WORK INSTRUCTIONS
Only these lines of the data below are wanted: the one with "X142.073Y-80.65", the one with "X137.55Y-84.64", and any lines between them, each repeated exactly.

Collected data entries
◇ ◇ ◇ ◇ ◇

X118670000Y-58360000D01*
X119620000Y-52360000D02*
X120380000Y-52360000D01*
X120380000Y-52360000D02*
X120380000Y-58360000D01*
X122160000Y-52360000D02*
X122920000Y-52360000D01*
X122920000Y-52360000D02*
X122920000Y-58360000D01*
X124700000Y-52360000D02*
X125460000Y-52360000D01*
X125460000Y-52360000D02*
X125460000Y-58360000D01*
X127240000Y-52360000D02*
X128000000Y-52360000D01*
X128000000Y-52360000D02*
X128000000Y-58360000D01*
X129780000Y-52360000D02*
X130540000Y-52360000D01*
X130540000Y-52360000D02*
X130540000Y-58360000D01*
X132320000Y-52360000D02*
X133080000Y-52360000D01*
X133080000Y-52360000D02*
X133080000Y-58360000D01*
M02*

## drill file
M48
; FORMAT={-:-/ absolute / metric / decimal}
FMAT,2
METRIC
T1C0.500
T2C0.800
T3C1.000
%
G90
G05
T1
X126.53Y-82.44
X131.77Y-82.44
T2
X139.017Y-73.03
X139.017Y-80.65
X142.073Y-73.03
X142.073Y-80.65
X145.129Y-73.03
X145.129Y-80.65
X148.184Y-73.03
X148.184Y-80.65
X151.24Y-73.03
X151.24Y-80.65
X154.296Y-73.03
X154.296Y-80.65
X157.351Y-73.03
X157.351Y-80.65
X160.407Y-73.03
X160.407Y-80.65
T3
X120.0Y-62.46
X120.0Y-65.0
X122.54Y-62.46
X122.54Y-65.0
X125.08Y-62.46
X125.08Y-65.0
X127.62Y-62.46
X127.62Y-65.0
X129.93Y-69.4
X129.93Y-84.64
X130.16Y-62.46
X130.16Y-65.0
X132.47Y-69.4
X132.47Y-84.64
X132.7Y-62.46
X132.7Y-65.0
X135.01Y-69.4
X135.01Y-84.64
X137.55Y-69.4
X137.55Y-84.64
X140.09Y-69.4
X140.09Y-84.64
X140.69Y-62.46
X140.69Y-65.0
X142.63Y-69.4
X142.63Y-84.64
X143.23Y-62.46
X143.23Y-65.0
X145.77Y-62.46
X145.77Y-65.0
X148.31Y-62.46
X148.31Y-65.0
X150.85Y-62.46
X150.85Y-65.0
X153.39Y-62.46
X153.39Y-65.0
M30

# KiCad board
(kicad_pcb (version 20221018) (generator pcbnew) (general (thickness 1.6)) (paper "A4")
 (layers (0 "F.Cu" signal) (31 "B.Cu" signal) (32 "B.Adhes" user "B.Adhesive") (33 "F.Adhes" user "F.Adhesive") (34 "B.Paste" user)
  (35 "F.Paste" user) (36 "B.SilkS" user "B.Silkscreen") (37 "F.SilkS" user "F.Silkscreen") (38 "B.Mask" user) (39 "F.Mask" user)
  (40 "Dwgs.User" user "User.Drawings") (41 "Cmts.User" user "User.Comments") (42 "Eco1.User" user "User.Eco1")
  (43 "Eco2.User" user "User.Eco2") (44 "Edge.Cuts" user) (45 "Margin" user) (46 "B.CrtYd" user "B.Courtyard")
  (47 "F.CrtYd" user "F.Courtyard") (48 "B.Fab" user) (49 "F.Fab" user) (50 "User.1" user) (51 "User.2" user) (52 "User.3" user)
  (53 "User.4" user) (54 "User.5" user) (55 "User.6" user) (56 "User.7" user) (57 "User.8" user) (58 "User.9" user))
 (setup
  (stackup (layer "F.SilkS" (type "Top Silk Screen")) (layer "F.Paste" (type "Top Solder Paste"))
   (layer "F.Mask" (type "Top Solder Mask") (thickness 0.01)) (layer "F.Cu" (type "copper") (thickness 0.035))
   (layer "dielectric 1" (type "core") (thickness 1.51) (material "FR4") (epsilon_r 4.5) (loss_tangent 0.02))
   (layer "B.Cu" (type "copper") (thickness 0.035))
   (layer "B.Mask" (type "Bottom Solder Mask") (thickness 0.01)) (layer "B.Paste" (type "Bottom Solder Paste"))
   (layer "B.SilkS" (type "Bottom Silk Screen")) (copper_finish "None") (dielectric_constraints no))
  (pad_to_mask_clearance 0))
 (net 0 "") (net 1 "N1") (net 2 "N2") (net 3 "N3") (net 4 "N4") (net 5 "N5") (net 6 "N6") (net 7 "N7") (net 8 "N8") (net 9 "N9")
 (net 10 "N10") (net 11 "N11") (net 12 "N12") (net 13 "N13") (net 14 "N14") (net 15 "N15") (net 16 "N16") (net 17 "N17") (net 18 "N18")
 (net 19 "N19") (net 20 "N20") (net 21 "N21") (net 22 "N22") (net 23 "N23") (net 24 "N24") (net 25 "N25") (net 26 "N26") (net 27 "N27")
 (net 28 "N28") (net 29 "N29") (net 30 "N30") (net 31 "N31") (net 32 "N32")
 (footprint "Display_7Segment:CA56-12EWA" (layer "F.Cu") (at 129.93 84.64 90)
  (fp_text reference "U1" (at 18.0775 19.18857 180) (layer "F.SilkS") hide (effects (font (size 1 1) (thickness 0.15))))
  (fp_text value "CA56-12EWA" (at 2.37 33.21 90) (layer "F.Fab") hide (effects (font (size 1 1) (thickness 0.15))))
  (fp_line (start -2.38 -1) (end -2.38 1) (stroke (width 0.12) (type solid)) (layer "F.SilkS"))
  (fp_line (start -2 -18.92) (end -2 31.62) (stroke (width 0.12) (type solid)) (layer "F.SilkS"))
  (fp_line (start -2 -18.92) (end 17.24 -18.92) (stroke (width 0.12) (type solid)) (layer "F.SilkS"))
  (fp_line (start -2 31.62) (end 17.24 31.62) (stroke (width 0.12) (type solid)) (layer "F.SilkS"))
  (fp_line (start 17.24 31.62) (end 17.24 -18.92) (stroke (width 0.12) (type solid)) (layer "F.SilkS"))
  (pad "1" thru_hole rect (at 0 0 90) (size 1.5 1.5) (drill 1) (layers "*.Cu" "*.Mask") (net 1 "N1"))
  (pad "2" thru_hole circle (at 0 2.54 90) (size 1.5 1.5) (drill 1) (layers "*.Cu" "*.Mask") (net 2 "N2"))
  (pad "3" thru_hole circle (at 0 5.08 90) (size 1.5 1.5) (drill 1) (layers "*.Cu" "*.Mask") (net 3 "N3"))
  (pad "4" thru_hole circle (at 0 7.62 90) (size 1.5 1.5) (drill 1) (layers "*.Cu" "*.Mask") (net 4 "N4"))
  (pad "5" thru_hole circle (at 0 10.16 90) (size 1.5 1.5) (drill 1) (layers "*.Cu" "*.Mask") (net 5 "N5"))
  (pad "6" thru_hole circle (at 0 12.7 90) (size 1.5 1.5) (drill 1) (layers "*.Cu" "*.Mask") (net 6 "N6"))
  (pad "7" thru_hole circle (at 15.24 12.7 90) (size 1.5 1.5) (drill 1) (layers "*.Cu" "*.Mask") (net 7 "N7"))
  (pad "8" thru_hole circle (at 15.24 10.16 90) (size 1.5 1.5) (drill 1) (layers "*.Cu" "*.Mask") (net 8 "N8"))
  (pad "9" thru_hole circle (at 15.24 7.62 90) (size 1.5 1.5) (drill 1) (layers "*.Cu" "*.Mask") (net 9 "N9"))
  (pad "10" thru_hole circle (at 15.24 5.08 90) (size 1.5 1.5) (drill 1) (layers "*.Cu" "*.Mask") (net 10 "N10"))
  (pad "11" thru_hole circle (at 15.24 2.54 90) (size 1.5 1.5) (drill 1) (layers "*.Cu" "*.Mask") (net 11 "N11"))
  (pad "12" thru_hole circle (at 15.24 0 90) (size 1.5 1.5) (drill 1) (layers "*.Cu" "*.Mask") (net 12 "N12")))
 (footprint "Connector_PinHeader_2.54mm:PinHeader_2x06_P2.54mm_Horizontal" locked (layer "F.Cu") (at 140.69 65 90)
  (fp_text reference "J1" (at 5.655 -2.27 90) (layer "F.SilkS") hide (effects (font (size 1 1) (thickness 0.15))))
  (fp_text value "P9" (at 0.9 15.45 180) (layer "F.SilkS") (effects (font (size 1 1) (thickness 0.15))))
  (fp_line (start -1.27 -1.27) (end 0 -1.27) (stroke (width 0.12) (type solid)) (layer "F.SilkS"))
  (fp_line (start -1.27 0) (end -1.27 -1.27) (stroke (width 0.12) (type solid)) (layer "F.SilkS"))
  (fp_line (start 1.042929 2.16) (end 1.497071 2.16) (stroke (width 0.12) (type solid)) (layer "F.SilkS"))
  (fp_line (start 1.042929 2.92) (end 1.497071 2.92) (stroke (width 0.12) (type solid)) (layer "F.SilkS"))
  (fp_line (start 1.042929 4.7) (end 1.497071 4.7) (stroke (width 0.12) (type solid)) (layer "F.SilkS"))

◇ ◇ ◇ ◇ ◇

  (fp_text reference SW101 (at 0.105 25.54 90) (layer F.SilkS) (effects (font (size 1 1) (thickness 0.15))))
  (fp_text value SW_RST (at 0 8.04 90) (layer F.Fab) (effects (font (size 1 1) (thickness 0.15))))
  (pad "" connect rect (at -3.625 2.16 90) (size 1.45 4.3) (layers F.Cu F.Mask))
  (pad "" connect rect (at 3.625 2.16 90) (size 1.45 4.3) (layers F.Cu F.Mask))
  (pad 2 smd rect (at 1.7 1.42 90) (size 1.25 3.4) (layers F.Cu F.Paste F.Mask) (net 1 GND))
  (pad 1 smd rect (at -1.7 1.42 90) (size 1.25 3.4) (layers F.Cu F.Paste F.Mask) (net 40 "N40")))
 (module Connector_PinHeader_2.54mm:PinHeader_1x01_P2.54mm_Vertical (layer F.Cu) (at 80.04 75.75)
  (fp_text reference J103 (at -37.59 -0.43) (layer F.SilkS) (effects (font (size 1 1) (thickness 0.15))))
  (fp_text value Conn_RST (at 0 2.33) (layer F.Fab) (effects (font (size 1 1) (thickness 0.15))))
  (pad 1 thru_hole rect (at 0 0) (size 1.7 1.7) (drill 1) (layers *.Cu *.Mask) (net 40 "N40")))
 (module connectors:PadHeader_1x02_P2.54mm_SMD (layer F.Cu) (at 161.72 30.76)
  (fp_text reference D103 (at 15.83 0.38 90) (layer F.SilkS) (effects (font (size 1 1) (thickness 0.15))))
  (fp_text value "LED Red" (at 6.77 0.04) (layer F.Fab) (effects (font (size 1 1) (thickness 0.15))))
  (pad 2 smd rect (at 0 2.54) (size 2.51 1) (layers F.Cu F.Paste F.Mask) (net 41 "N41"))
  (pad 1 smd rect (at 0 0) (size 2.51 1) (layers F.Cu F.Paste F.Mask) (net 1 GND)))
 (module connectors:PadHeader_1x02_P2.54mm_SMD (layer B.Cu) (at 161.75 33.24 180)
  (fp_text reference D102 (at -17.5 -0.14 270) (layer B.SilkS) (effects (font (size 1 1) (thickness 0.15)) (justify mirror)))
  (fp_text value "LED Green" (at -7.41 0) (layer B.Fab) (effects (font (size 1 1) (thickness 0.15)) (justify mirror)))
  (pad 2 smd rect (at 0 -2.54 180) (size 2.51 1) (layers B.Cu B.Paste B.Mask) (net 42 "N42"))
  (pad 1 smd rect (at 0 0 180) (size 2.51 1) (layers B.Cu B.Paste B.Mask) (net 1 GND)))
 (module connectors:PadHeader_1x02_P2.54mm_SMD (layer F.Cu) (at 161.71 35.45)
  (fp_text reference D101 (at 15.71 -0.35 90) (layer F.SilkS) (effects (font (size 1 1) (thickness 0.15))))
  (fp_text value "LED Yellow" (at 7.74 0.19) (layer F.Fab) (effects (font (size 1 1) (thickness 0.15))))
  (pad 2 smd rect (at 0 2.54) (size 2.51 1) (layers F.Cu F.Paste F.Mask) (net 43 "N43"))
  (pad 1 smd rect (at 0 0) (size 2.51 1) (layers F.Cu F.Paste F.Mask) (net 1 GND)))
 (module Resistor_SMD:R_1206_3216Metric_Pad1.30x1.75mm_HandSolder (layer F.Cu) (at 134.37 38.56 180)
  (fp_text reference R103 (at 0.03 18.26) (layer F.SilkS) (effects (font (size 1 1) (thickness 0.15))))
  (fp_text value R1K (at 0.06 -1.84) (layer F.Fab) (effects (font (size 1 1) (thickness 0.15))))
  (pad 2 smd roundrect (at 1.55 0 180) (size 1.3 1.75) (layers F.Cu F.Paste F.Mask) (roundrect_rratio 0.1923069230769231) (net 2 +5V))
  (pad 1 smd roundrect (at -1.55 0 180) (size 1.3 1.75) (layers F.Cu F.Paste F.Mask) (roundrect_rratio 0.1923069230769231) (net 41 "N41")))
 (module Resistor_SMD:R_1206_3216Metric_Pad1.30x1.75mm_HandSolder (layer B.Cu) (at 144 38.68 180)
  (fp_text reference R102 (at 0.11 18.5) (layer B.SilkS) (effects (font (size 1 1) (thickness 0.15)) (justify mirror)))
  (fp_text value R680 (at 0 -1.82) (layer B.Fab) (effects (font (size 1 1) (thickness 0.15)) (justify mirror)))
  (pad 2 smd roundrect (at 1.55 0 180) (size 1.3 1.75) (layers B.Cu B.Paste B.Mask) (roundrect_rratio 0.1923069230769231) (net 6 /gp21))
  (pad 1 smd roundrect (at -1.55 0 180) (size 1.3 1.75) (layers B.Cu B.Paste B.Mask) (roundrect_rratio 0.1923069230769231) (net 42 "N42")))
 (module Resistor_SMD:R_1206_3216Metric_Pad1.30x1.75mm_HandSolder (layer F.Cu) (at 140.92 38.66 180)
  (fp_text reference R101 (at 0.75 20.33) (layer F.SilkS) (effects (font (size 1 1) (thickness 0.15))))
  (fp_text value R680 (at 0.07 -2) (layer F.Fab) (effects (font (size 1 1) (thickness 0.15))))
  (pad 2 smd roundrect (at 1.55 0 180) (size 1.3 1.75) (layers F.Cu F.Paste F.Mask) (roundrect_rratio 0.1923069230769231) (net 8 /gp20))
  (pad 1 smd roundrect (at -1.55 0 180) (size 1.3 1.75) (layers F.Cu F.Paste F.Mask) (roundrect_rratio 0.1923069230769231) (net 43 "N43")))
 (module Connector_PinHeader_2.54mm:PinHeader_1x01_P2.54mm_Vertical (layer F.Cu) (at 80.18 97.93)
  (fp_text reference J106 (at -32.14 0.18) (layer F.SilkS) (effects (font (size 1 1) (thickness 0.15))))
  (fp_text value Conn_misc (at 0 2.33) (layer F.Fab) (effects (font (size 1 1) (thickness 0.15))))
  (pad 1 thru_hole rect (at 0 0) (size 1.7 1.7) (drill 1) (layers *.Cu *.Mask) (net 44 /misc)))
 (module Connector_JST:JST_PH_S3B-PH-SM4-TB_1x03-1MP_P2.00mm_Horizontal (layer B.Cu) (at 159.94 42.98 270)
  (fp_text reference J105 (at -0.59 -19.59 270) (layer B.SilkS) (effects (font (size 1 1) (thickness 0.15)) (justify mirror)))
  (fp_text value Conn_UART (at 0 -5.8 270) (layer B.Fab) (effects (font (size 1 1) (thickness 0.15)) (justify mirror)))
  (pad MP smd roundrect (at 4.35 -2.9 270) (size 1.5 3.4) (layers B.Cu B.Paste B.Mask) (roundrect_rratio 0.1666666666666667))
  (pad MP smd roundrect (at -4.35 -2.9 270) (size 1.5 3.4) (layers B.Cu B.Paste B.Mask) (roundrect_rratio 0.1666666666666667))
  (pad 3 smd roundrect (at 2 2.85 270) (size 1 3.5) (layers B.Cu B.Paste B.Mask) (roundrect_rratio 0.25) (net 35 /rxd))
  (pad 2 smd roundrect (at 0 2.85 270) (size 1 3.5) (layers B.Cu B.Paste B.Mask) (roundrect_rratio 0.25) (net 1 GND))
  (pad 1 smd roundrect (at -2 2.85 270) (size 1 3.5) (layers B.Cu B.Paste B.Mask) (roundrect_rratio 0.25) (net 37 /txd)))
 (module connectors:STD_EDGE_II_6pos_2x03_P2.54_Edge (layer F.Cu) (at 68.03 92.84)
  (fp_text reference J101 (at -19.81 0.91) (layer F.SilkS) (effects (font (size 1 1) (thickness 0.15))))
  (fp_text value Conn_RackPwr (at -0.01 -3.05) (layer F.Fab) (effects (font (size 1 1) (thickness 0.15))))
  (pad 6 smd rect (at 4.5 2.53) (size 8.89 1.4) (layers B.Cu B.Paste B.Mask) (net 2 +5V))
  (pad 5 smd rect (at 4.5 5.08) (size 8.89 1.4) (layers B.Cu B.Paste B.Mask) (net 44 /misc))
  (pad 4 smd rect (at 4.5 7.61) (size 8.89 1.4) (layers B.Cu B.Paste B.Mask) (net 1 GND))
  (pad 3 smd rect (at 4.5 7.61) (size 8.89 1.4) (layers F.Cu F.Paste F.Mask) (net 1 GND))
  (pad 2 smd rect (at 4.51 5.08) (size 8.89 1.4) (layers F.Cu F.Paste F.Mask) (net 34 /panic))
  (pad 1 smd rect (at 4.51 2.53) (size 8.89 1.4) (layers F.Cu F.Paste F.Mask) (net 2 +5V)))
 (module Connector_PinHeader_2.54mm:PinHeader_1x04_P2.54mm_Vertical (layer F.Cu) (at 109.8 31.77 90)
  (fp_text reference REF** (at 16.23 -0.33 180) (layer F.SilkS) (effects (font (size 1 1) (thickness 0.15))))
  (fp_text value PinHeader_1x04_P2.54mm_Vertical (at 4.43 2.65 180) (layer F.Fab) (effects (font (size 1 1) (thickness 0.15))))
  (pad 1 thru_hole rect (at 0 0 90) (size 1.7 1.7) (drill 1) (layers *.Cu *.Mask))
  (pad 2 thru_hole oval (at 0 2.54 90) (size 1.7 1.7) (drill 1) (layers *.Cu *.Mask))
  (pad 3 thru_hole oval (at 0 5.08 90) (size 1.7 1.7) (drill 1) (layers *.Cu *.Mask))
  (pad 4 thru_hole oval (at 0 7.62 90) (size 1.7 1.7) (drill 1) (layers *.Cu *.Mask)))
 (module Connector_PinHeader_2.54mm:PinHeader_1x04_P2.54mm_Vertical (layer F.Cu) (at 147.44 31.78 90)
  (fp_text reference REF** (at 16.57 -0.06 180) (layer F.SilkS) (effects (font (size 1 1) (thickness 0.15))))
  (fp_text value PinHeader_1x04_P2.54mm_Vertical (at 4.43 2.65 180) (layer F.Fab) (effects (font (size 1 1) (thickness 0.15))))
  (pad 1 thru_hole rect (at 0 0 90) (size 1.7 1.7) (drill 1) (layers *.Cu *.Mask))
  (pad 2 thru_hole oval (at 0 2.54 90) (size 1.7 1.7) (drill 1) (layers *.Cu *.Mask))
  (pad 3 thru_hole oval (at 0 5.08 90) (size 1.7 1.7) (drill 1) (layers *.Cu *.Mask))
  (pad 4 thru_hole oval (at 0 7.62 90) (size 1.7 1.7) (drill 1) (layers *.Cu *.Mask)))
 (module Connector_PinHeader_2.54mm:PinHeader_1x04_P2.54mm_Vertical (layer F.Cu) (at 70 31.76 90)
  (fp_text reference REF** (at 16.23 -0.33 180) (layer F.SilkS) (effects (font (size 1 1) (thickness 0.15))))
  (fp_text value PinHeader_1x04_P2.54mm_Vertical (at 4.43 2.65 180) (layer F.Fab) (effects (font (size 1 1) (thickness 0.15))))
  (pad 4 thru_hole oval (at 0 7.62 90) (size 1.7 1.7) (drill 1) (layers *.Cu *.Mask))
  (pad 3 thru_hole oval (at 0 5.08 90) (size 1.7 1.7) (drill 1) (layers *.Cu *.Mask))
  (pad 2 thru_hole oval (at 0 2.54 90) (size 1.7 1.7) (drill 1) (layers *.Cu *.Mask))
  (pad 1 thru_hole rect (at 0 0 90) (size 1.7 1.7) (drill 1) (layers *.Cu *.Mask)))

◇ ◇ ◇ ◇ ◇

SOLUTION
X142.073Y-80.65
X145.129Y-73.03
X145.129Y-80.65
X148.184Y-73.03
X148.184Y-80.65
X151.24Y-73.03
X151.24Y-80.65
X154.296Y-73.03
X154.296Y-80.65
X157.351Y-73.03
X157.351Y-80.65
X160.407Y-73.03
X160.407Y-80.65
T3
X120.0Y-62.46
X120.0Y-65.0
X122.54Y-62.46
X122.54Y-65.0
X125.08Y-62.46
X125.08Y-65.0
X127.62Y-62.46
X127.62Y-65.0
X129.93Y-69.4
X129.93Y-84.64
X130.16Y-62.46
X130.16Y-65.0
X132.47Y-69.4
X132.47Y-84.64
X132.7Y-62.46
X132.7Y-65.0
X135.01Y-69.4
X135.01Y-84.64
X137.55Y-69.4
X137.55Y-84.64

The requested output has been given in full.